During my digital period, that somehow flipped 180°. When I add up all the digital cameras I've owned, this is what I get (in the order of purchase):

Canon A300 + E-300 + E-3 + E-P2 + E-1 (3) + E-PL1 (2) + E-PL2 + Sony NEX 5N + E-M5 + GX1 = 13 cameras. More than double the number of film cameras, in one third the time (ten years vs thirty years).

During my digital period I was more interested in the equipment of photography than the process and product of photography. Frankly I believe that to be utterly wrong. I have no-one to blame but myself. If I had been following the same buying process as I had with film I'd be on my third digital camera, not my twelfth (the E-M5) and the thirteenth (GX1) with some NEX 5N on the side (number eleven).

I'll grant you that at least half of those cameras were purchased far below MSRP, either as used (all E-1s) or heavily discounted (nearly all the rest, usually $200 or less). But still, I payed full price for the E-P2 and the E-M5, and that was quite a chunk of change all told. (To be honest, while the E-3 was on sale, it still wasn't cheap). That's a whole lotta cash just to satisfy gear acquisition syndrome.

Now I've hit a pretty large wall over gear purchases. It started with the realization that I'm no longer charging around photographing everything like I once did. The reasons why not are varied, but the result is significant. Even though I always carry a camera with me, I seldom go out of my way anymore to stop and photograph something. Anything.

And with that realization of low usage came the mental calculation of all the bodies I've purchased. I don't have all of them any more; I gave an E-1, my E-300, an E-PL1, and the E-PL2 to my youngest. As I wrote about last year one of my E-1s and my E-3, along with the 12-60mm and the 50-200mm zooms were stolen. And the Canon A300 has long since ceased to function. So that culls the number of working digital cameras in this house to six. Six. And I barely use half of them. The rest sit in their bag (the E-1) or in a drawer (the E-P2 and E-PL1).

I have reached an end. I've finally learned it's a fools journey to keep throwing yet more large sums of money after diminishing returns. 12MP really was good enough, and 16MP even more so. ISO 6400 really is more than enough. I've got three 16MP cameras (NEX 5N, E-M5, and GX1) that produce indistinguishable output with decent enough lenses.  And as it turns out decent enough lenses start at around $100 (the Sigmas). That's one reason I haven't gone chasing after $1000+ dollar (and up) über-fast primes or zooms.
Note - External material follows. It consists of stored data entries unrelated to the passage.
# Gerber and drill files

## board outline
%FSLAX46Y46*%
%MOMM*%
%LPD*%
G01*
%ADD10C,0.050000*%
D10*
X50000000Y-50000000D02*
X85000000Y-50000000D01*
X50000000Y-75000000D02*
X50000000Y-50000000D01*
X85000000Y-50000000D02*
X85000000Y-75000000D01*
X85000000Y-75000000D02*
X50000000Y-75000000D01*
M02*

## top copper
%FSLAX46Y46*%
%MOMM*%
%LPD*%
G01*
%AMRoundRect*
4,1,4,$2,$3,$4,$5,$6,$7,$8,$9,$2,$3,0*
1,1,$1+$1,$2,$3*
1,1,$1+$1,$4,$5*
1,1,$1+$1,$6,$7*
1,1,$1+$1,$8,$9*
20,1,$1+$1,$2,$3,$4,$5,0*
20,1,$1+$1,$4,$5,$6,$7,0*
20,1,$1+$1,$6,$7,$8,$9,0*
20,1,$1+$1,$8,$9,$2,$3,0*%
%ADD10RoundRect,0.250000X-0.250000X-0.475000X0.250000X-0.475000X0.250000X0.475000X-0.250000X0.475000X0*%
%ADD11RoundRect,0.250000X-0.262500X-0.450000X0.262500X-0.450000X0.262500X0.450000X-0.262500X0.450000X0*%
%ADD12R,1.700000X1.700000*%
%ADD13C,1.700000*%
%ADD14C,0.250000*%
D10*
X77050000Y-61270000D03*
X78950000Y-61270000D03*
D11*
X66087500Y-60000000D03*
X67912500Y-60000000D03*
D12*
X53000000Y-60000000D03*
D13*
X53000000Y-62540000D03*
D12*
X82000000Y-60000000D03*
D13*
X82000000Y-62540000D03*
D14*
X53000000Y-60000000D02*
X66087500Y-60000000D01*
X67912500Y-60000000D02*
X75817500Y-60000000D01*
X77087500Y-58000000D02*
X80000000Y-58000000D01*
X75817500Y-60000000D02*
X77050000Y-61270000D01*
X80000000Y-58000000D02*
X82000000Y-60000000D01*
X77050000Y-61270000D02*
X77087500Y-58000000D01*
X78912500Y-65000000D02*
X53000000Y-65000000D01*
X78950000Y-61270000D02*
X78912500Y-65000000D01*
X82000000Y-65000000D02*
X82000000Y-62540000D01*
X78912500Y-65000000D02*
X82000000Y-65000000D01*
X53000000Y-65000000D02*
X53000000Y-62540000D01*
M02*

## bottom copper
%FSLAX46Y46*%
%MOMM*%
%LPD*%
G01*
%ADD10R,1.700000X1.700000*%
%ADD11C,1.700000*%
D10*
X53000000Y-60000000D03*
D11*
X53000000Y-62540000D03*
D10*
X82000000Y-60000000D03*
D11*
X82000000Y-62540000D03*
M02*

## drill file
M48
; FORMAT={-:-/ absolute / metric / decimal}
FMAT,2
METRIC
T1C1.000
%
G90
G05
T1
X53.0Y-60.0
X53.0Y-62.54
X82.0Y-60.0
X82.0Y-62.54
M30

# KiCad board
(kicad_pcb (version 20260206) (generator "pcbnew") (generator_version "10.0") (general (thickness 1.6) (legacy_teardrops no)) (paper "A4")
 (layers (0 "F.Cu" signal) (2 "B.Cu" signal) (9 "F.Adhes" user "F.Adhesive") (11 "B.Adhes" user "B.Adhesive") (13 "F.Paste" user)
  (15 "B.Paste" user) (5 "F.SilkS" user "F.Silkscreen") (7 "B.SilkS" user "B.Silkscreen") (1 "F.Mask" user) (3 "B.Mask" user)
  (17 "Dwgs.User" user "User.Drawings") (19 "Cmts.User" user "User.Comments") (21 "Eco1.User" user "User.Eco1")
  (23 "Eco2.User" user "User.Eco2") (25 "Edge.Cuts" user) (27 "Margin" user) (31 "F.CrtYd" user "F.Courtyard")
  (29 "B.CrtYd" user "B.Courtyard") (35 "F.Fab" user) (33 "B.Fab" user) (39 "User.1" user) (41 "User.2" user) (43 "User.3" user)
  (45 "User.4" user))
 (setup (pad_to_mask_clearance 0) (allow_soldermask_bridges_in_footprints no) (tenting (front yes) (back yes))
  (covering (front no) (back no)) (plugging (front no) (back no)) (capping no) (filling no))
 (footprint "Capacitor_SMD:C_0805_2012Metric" (layer "F.Cu") (at 78 61.27)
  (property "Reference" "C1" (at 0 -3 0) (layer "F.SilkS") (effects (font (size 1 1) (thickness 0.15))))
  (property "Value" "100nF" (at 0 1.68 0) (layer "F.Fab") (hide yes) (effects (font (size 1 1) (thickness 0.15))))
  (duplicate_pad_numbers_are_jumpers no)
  (pad "1" smd roundrect (at -0.95 0) (size 1 1.45) (layers "F.Cu" "F.Mask" "F.Paste") (roundrect_rratio 0.25) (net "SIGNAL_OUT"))
  (pad "2" smd roundrect (at 0.95 0) (size 1 1.45) (layers "F.Cu" "F.Mask" "F.Paste") (roundrect_rratio 0.25) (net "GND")))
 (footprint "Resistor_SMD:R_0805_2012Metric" (layer "F.Cu") (at 67 60)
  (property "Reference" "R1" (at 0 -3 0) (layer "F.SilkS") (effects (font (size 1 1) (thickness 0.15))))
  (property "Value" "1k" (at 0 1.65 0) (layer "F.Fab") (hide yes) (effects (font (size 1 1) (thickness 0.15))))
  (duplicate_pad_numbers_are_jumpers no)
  (pad "1" smd roundrect (at -0.9125 0) (size 1.025 1.4) (layers "F.Cu" "F.Mask" "F.Paste") (roundrect_rratio 0.243902) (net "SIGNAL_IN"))
  (pad "2" smd roundrect (at 0.9125 0) (size 1.025 1.4) (layers "F.Cu" "F.Mask" "F.Paste") (roundrect_rratio 0.243902) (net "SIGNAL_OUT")))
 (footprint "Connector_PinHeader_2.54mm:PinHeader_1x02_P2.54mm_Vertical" (layer "F.Cu") (at 53 60)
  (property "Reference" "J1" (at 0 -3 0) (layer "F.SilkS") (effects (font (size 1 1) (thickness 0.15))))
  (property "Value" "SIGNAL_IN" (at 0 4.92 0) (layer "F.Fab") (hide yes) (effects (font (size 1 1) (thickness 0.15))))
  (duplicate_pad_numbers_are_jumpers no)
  (pad "1" thru_hole rect (at 0 0) (size 1.7 1.7) (drill 1) (layers "*.Cu" "*.Mask") (remove_unused_layers no) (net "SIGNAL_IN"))
  (pad "2" thru_hole circle (at 0 2.54) (size 1.7 1.7) (drill 1) (layers "*.Cu" "*.Mask") (remove_unused_layers no) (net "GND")))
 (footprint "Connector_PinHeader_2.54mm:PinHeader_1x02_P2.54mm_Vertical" (layer "F.Cu") (at 82 60)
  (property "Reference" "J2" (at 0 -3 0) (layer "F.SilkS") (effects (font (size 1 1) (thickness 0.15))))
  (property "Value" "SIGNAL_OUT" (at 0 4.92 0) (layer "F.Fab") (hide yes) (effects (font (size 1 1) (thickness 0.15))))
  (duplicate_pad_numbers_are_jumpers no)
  (pad "1" thru_hole rect (at 0 0) (size 1.7 1.7) (drill 1) (layers "*.Cu" "*.Mask") (remove_unused_layers no) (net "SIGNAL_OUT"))
  (pad "2" thru_hole circle (at 0 2.54) (size 1.7 1.7) (drill 1) (layers "*.Cu" "*.Mask") (remove_unused_layers no) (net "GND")))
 (gr_line (start 50 50) (end 85 50) (stroke (width 0.05) (type default)) (layer "Edge.Cuts"))
 (gr_line (start 50 75) (end 50 50) (stroke (width 0.05) (type default)) (layer "Edge.Cuts"))
 (gr_line (start 85 50) (end 85 75) (stroke (width 0.05) (type default)) (layer "Edge.Cuts"))
 (gr_line (start 85 75) (end 50 75) (stroke (width 0.05) (type default)) (layer "Edge.Cuts"))
 (segment (start 53 60) (end 66.0875 60) (width 0.25) (layer "F.Cu") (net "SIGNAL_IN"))
 (segment (start 67.9125 60) (end 75.8175 60) (width 0.25) (layer "F.Cu") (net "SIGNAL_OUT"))
 (segment (start 77.0875 58) (end 80 58) (width 0.25) (layer "F.Cu") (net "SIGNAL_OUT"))
 (segment (start 75.8175 60) (end 77.05 61.27) (width 0.25) (layer "F.Cu") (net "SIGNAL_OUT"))
 (segment (start 80 58) (end 82 60) (width 0.25) (layer "F.Cu") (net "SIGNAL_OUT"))
 (segment (start 77.05 61.27) (end 77.0875 58) (width 0.25) (layer "F.Cu") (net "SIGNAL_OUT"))
 (segment (start 78.9125 65) (end 53 65) (width 0.25) (layer "F.Cu") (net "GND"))
 (segment (start 78.95 61.27) (end 78.9125 65) (width 0.25) (layer "F.Cu") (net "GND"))
 (segment (start 82 65) (end 82 62.54) (width 0.25) (layer "F.Cu") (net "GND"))
 (segment (start 78.9125 65) (end 82 65) (width 0.25) (layer "F.Cu") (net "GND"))
 (segment (start 53 65) (end 53 62.54) (width 0.25) (layer "F.Cu") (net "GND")))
I'm going to be finally finishing a review of the E-M5 on thewsreviews Real Soon Now. Here's a spoiler; I'm going to give it a rip-roaring high rating. It will be more than good enough. I'll go into specific details in the review.

I'm at my end of chasing camera gear. Perhaps Thom Hogan is right, and I've now flipped from GAS to Last Camera Syndrome. Only time will tell.

Oh, I forgot. Even my Samsung Galaxy S4 has two cameras built into it. *sigh*


  1. Good one, Bill - and an important thing to learn; you are as right about this as Thom is.

  2. Excellent post. I'm still chasing camera gear with some enthusiasm, but it is becoming increasingly difficult to find problems that only a new camera can solve.

  3. Great writeup, Bill. Seems like a trend and there is some consistency with Kirk's writings.

    1. In the end it comes down to just how many cameras you really need (one, actually) and how often you're willing to "upgrade" to get the "latest" sensor tech. As Kirk once commented the last camera was always the best until whatever the current version came out... I'll say this much, from a personal perspective camera marketing is pretty effective. Why else would we keep buying and buying when the current model we own is still perfectly good?